Suspended mayor's aide returns to work

Houston Mayor Sylvester Turner’s press secretary is back at work after being suspended for using city time and resources to benefit her own side business and for failing to turn over thousands of public documents about that business as required by law.

A letter from the Mayor's Office to press secretary Darian Ward suspending her without pay for two weeks in December says she misinformed people and misrepresented the information requested under the Texas Public Information Act when she failed to produce about 5,000 emails regarding private business that she was conducting on city time using her government email account.

The letter dated December 11 is signed by Mayor Turner and Darian Ward herself, agreeing to the suspension.

Assistant director Alan Bernstein writes, "Ms. Ward, you misrepresented to the requester the volume of documents regarding the TPIA request under state law, and you misinformed the Chief of Staff and me; you spent a significant amount of city time conducting your personal business rather than focusing on your work task. Your actions are in violation of city policies."

We wanted to know if the mayor thought Ward’s actions violated any law and should be investigated by the Texas Attorney General.

"No, it was a personnel matter that we dealt with, and the letter speaks for itself,” Mayor Sylvester Turner said.

The letter states the "5,000 emails" were related to her private business, "Joy in Motion Productions and/or other non-city work-related topics”, and that when asked for these emails, she produced just "30 documents".

We asked the mayor whether there will be any further discipline for Ward.

"No, the matter is closed. It was looked at by legal as well as HR. I went over and above the recommendation," Mayor Turner said.

City Councilman Michael Kubosh says the discipline was too lenient.

"If the documents she signed are correct and she hid 5,000 emails from the public records request, and if on city time, she used her influence as a city employee, and she worked on things that weren't a part of the city, then that's theft, and she should be terminated," Kobosh said.

Trent Seibert, Editor of the Texas Monitor, made the original open records request and received the email from Ward that "we've located 30 documents."

We asked Seibert if he was the one who said it needed to be looked into further.

"No, the city actually did that, believe it or not. The city looked into it. I was suspicious. Thirty seemed low to me. But get this: 5,000 documents? I mean, it's sort of mind blowing," Seibert said.

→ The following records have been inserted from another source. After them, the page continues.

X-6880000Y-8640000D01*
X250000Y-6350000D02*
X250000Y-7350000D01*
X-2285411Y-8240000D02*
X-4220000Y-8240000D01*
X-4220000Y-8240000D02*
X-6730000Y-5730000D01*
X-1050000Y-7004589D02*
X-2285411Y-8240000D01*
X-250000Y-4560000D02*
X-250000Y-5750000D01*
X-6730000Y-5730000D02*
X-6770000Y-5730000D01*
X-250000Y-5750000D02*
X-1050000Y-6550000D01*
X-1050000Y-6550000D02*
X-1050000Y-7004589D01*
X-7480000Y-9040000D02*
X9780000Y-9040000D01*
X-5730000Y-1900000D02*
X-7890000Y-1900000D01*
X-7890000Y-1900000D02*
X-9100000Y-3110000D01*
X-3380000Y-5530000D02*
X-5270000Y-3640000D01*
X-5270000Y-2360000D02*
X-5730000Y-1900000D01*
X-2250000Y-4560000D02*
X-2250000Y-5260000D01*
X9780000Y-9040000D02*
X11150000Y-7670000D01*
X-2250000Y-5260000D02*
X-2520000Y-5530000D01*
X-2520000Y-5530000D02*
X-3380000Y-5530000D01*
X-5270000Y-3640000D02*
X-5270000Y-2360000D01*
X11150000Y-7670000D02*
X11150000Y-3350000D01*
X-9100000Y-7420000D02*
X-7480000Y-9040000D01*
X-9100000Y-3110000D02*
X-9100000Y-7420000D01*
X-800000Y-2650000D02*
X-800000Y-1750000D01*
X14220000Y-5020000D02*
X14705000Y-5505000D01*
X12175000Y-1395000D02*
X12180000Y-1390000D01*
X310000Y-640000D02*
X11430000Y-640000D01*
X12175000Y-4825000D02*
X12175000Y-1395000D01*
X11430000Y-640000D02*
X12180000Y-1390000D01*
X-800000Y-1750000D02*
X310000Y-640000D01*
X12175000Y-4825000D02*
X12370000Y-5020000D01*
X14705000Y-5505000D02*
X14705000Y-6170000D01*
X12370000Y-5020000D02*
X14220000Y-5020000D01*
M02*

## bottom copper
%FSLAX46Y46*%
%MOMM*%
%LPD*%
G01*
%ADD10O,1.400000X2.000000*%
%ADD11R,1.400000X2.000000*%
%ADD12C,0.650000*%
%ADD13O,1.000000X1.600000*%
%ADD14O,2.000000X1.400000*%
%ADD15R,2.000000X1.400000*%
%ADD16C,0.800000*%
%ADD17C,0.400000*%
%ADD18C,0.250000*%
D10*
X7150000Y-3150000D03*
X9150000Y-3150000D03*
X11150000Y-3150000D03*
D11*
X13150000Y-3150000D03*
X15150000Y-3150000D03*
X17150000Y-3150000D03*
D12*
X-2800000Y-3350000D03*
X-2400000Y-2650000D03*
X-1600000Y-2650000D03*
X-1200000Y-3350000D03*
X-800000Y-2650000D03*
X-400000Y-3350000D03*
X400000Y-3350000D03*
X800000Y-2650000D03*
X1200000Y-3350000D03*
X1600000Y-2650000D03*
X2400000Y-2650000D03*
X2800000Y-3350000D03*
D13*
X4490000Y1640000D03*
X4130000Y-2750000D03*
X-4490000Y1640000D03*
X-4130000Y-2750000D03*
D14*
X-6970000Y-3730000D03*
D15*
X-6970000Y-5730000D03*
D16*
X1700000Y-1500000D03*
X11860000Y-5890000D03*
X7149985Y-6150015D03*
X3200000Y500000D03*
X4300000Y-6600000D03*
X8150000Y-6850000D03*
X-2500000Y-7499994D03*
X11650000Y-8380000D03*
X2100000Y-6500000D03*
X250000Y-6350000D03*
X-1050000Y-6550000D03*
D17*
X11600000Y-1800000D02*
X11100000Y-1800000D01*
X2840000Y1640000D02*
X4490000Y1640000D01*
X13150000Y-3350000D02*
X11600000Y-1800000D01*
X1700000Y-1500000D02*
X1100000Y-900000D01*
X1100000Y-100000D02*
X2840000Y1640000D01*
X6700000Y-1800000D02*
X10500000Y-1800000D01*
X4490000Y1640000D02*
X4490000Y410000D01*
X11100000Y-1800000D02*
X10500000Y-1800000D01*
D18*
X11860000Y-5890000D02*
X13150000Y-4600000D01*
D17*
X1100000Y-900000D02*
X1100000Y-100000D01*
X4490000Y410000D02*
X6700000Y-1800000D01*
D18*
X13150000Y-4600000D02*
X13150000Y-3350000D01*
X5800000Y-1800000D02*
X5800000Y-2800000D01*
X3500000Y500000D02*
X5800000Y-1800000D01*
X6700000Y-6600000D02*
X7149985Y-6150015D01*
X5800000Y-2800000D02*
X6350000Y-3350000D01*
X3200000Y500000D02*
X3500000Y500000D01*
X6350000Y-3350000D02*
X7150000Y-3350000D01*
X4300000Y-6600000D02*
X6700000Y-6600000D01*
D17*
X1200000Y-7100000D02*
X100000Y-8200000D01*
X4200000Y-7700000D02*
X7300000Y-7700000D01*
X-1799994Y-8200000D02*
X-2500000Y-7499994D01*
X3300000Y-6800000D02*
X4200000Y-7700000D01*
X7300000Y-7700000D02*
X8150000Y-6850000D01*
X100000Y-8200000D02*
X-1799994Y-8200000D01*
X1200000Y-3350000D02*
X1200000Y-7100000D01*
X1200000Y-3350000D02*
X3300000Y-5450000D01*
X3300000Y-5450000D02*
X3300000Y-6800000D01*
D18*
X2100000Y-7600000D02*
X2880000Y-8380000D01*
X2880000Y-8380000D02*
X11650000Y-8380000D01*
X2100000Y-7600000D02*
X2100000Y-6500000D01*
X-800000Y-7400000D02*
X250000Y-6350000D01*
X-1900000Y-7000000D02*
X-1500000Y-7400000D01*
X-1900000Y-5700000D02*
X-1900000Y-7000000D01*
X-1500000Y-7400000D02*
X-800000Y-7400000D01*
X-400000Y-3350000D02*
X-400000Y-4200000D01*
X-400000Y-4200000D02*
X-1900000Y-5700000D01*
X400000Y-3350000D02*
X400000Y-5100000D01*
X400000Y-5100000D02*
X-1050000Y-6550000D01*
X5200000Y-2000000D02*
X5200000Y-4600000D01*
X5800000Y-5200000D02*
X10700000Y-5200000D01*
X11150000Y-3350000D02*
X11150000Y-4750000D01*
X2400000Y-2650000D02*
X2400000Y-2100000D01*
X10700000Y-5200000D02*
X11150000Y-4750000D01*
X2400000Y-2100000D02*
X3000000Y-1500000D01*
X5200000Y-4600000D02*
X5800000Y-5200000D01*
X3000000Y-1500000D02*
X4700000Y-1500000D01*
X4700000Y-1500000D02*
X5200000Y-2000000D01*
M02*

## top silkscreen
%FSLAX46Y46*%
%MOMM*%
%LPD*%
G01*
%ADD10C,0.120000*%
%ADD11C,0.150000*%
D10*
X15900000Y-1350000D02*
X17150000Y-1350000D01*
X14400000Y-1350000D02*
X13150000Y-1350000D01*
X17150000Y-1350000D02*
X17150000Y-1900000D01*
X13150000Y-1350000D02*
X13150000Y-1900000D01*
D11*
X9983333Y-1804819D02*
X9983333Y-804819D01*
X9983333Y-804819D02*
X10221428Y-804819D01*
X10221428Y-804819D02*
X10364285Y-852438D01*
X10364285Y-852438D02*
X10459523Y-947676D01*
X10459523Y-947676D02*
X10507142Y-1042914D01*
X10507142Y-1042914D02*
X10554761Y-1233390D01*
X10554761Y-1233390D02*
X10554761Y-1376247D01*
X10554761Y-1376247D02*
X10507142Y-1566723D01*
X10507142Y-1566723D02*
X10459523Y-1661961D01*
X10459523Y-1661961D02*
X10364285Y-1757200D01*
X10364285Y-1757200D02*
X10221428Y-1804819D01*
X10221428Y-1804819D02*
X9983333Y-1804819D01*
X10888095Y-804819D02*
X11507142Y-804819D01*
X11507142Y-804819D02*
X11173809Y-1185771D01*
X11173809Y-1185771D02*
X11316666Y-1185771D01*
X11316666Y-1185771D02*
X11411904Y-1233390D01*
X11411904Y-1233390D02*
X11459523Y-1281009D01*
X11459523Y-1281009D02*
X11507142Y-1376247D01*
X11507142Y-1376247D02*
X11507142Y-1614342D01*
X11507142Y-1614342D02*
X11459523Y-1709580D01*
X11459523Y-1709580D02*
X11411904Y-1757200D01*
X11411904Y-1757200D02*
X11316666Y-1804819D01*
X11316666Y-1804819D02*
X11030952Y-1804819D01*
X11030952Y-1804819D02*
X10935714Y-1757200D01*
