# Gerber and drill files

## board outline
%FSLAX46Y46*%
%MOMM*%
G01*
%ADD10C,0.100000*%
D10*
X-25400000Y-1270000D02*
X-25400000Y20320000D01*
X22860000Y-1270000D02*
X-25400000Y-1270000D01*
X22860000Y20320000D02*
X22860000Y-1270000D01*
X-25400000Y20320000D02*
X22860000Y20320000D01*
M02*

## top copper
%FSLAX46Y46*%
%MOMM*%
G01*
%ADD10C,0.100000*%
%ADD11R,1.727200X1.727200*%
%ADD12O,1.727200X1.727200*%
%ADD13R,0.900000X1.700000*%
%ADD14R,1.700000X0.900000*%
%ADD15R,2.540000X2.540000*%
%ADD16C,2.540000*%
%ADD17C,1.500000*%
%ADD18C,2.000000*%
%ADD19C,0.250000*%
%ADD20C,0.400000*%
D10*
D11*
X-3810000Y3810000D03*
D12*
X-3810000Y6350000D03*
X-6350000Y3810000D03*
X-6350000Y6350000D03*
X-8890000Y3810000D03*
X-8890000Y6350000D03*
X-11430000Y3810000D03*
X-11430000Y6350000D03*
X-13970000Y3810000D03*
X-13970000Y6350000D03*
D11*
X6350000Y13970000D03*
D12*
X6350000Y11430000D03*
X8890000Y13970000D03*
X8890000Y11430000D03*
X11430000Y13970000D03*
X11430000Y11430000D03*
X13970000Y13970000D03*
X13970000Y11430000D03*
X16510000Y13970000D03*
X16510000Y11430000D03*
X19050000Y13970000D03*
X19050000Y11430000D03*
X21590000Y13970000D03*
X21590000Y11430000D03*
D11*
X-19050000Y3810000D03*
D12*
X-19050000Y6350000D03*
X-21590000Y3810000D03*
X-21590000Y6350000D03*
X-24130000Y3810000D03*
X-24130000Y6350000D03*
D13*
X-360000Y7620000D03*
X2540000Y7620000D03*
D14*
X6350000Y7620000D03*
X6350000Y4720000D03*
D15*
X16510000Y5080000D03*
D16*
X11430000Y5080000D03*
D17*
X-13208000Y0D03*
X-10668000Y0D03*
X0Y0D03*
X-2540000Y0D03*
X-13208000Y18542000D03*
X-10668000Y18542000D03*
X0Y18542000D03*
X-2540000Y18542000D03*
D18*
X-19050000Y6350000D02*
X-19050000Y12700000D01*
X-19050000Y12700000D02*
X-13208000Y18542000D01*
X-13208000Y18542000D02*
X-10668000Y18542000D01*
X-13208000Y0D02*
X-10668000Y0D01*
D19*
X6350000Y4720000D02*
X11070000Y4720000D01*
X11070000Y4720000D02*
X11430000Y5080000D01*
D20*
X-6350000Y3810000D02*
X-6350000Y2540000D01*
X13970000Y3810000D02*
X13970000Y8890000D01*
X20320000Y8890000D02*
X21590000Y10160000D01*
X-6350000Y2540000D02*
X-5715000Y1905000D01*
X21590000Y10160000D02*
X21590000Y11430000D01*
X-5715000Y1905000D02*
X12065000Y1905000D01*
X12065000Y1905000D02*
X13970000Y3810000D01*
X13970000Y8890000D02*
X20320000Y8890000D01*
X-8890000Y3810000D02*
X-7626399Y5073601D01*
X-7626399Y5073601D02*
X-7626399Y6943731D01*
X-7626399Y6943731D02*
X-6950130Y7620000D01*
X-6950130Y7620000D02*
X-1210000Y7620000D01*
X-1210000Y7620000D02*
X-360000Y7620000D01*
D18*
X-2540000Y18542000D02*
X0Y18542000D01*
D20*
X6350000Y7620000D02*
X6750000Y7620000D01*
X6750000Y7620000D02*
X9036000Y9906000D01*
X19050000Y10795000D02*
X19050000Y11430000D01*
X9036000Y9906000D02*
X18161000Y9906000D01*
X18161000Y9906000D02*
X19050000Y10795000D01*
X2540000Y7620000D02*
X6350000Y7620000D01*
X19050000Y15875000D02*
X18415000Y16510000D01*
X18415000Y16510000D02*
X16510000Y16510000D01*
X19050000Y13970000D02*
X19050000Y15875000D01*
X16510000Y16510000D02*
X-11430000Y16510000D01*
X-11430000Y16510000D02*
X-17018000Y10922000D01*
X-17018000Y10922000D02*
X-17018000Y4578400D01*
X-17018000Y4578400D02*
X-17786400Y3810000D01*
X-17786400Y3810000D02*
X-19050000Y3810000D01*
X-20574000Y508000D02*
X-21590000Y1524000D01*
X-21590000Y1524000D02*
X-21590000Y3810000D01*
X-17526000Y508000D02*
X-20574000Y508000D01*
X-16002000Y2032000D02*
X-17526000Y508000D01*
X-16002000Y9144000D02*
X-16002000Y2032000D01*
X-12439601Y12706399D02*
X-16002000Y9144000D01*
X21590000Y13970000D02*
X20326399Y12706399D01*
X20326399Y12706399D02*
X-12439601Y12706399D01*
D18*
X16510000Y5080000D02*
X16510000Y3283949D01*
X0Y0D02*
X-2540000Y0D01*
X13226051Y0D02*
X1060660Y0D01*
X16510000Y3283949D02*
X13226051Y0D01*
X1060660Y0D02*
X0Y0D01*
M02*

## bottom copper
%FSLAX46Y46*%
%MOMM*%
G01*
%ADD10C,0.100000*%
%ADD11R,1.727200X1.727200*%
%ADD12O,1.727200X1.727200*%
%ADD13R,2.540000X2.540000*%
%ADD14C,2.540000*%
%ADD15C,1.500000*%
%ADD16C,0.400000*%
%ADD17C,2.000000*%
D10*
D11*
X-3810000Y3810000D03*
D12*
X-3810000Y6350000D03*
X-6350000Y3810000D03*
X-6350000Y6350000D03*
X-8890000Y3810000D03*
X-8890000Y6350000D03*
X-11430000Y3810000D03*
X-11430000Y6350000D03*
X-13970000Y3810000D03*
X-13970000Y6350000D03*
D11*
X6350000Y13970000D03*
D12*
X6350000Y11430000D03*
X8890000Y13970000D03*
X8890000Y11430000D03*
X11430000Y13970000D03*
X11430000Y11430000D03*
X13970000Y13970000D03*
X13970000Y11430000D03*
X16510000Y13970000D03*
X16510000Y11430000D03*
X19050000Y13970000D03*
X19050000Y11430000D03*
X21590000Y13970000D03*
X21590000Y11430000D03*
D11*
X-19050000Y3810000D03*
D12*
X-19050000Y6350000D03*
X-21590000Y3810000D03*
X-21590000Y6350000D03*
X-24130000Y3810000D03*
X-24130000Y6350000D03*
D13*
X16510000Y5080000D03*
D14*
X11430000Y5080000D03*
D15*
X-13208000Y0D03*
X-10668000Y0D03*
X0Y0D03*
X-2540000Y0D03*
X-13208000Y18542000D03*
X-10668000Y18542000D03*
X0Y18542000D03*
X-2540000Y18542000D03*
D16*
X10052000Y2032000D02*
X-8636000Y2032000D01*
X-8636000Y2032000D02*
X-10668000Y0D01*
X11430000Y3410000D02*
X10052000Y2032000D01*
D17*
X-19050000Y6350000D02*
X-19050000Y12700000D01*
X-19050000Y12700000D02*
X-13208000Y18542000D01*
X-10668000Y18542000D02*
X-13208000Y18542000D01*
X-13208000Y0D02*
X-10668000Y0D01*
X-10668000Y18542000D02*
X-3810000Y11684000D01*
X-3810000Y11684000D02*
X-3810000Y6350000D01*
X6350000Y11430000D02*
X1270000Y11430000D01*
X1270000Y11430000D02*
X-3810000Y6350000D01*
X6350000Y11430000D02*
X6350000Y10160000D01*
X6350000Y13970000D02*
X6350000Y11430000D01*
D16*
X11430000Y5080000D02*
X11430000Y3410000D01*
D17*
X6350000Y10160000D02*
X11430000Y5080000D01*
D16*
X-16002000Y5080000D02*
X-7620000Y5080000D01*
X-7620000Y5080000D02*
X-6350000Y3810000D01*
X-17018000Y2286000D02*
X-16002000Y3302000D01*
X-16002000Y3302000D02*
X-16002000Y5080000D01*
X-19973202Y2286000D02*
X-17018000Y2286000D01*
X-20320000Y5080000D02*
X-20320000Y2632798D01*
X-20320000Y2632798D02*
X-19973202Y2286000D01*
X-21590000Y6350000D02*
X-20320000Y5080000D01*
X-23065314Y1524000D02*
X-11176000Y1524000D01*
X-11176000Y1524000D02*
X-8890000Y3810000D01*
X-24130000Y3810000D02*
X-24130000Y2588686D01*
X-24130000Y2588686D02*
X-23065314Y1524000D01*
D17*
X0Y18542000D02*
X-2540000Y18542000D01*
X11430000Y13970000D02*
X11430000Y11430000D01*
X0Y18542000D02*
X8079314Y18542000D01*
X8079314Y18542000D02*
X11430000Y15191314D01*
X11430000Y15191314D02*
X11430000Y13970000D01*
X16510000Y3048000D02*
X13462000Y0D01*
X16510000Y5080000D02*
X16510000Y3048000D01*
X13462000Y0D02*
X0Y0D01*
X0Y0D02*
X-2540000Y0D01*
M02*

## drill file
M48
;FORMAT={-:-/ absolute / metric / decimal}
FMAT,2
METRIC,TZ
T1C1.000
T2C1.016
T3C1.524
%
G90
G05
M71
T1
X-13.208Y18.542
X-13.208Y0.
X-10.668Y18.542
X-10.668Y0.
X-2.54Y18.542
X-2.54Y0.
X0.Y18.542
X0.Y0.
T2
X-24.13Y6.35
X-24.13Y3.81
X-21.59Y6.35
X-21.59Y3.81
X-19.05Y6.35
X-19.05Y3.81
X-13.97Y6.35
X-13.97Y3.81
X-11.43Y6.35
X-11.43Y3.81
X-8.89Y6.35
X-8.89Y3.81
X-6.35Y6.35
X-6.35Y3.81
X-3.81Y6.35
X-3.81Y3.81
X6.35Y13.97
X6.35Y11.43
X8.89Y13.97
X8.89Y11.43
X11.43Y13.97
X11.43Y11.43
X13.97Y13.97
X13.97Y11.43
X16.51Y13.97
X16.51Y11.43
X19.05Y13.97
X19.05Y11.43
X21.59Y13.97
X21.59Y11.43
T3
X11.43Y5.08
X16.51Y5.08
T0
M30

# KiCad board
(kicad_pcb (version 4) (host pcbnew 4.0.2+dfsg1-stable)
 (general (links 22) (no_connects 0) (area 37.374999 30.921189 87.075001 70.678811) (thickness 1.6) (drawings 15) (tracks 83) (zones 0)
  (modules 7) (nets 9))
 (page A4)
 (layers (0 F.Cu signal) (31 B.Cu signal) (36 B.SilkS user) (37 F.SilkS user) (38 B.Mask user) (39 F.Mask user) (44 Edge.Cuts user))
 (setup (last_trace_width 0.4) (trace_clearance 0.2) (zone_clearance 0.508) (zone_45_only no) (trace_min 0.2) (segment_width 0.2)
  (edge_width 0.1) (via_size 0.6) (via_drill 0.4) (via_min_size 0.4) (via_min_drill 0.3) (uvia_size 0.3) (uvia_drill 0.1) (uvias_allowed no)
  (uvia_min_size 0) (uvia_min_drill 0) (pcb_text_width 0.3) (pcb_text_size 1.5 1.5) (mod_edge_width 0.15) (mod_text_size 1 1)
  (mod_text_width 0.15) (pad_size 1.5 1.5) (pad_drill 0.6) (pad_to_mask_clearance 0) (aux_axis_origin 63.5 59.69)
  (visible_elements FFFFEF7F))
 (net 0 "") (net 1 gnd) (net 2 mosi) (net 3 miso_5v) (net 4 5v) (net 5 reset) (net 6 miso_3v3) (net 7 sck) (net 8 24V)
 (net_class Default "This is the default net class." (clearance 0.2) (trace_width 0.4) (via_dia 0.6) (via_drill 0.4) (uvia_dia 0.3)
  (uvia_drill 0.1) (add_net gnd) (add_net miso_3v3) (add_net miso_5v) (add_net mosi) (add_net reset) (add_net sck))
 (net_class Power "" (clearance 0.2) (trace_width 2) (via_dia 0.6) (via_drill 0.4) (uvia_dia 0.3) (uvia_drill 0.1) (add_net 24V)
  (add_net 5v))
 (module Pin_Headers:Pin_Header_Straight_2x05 (layer B.Cu) (at 59.69 55.88 90)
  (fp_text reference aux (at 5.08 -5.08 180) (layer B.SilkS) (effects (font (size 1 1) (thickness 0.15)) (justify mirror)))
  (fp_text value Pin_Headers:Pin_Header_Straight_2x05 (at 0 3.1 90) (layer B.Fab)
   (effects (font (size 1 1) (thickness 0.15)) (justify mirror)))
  (pad 1 thru_hole rect (at 0 0 90) (size 1.7272 1.7272) (drill 1.016) (layers *.Cu *.Mask B.SilkS))
  (pad 2 thru_hole oval (at 2.54 0 90) (size 1.7272 1.7272) (drill 1.016) (layers *.Cu *.Mask B.SilkS) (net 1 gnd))
  (pad 3 thru_hole oval (at 0 -2.54 90) (size 1.7272 1.7272) (drill 1.016) (layers *.Cu *.Mask B.SilkS) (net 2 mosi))
  (pad 4 thru_hole oval (at 2.54 -2.54 90) (size 1.7272 1.7272) (drill 1.016) (layers *.Cu *.Mask B.SilkS))
  (pad 5 thru_hole oval (at 0 -5.08 90) (size 1.7272 1.7272) (drill 1.016) (layers *.Cu *.Mask B.SilkS) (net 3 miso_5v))
  (pad 6 thru_hole oval (at 2.54 -5.08 90) (size 1.7272 1.7272) (drill 1.016) (layers *.Cu *.Mask B.SilkS))
  (pad 7 thru_hole oval (at 0 -7.62 90) (size 1.7272 1.7272) (drill 1.016) (layers *.Cu *.Mask B.SilkS))
  (pad 8 thru_hole oval (at 2.54 -7.62 90) (size 1.7272 1.7272) (drill 1.016) (layers *.Cu *.Mask B.SilkS))
  (pad 9 thru_hole oval (at 0 -10.16 90) (size 1.7272 1.7272) (drill 1.016) (layers *.Cu *.Mask B.SilkS))
  (pad 10 thru_hole oval (at 2.54 -10.16 90) (size 1.7272 1.7272) (drill 1.016) (layers *.Cu *.Mask B.SilkS)))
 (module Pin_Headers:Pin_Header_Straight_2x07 (layer B.Cu) (at 69.85 45.72 270)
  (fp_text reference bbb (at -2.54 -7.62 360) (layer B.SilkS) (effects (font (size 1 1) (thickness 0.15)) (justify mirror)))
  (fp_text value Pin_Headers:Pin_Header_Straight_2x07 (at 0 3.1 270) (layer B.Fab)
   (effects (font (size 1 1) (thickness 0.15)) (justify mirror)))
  (pad 1 thru_hole rect (at 0 0 270) (size 1.7272 1.7272) (drill 1.016) (layers *.Cu *.Mask B.SilkS) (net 1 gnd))
  (pad 2 thru_hole oval (at 2.54 0 270) (size 1.7272 1.7272) (drill 1.016) (layers *.Cu *.Mask B.SilkS) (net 1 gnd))
  (pad 3 thru_hole oval (at 0 -2.54 270) (size 1.7272 1.7272) (drill 1.016) (layers *.Cu *.Mask B.SilkS))
  (pad 4 thru_hole oval (at 2.54 -2.54 270) (size 1.7272 1.7272) (drill 1.016) (layers *.Cu *.Mask B.SilkS))
  (pad 5 thru_hole oval (at 0 -5.08 270) (size 1.7272 1.7272) (drill 1.016) (layers *.Cu *.Mask B.SilkS) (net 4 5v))
  (pad 6 thru_hole oval (at 2.54 -5.08 270) (size 1.7272 1.7272) (drill 1.016) (layers *.Cu *.Mask B.SilkS) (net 4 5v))
  (pad 7 thru_hole oval (at 0 -7.62 270) (size 1.7272 1.7272) (drill 1.016) (layers *.Cu *.Mask B.SilkS))
  (pad 8 thru_hole oval (at 2.54 -7.62 270) (size 1.7272 1.7272) (drill 1.016) (layers *.Cu *.Mask B.SilkS))
  (pad 9 thru_hole oval (at 0 -10.16 270) (size 1.7272 1.7272) (drill 1.016) (layers *.Cu *.Mask B.SilkS))
  (pad 10 thru_hole oval (at 2.54 -10.16 270) (size 1.7272 1.7272) (drill 1.016) (layers *.Cu *.Mask B.SilkS))
  (pad 11 thru_hole oval (at 0 -12.7 270) (size 1.7272 1.7272) (drill 1.016) (layers *.Cu *.Mask B.SilkS) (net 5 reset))
  (pad 12 thru_hole oval (at 2.54 -12.7 270) (size 1.7272 1.7272) (drill 1.016) (layers *.Cu *.Mask B.SilkS) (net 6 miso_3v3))
  (pad 13 thru_hole oval (at 0 -15.24 270) (size 1.7272 1.7272) (drill 1.016) (layers *.Cu *.Mask B.SilkS) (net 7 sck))
  (pad 14 thru_hole oval (at 2.54 -15.24 270) (size 1.7272 1.7272) (drill 1.016) (layers *.Cu *.Mask B.SilkS) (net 2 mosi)))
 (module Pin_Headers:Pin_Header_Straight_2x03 (layer B.Cu) (at 44.45 55.88 90)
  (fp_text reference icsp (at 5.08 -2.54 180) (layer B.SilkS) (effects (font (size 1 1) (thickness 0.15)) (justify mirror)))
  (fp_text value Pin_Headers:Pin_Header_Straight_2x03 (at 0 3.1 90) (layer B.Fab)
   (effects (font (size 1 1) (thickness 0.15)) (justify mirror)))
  (pad 1 thru_hole rect (at 0 0 90) (size 1.7272 1.7272) (drill 1.016) (layers *.Cu *.Mask B.SilkS) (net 5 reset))
  (pad 2 thru_hole oval (at 2.54 0 90) (size 1.7272 1.7272) (drill 1.016) (layers *.Cu *.Mask B.SilkS) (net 1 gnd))
  (pad 3 thru_hole oval (at 0 -2.54 90) (size 1.7272 1.7272) (drill 1.016) (layers *.Cu *.Mask B.SilkS) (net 7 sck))
  (pad 4 thru_hole oval (at 2.54 -2.54 90) (size 1.7272 1.7272) (drill 1.016) (layers *.Cu *.Mask B.SilkS) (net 2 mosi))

When we asked the mayor how he'll ensure transparency in his administration going forward, he had this to say.

"With all of our employees, we expect for them to adhere to our policies, and we expect when these matters are brought to our attention – just like in this case – when they're looked at by legal and by HR, and when they submit to me a recommendation, I will evaluate it, and in this particular case, I went over and above the recommendation that was handed to me," Mayor Turner said.

 Darian Ward declined our interview request.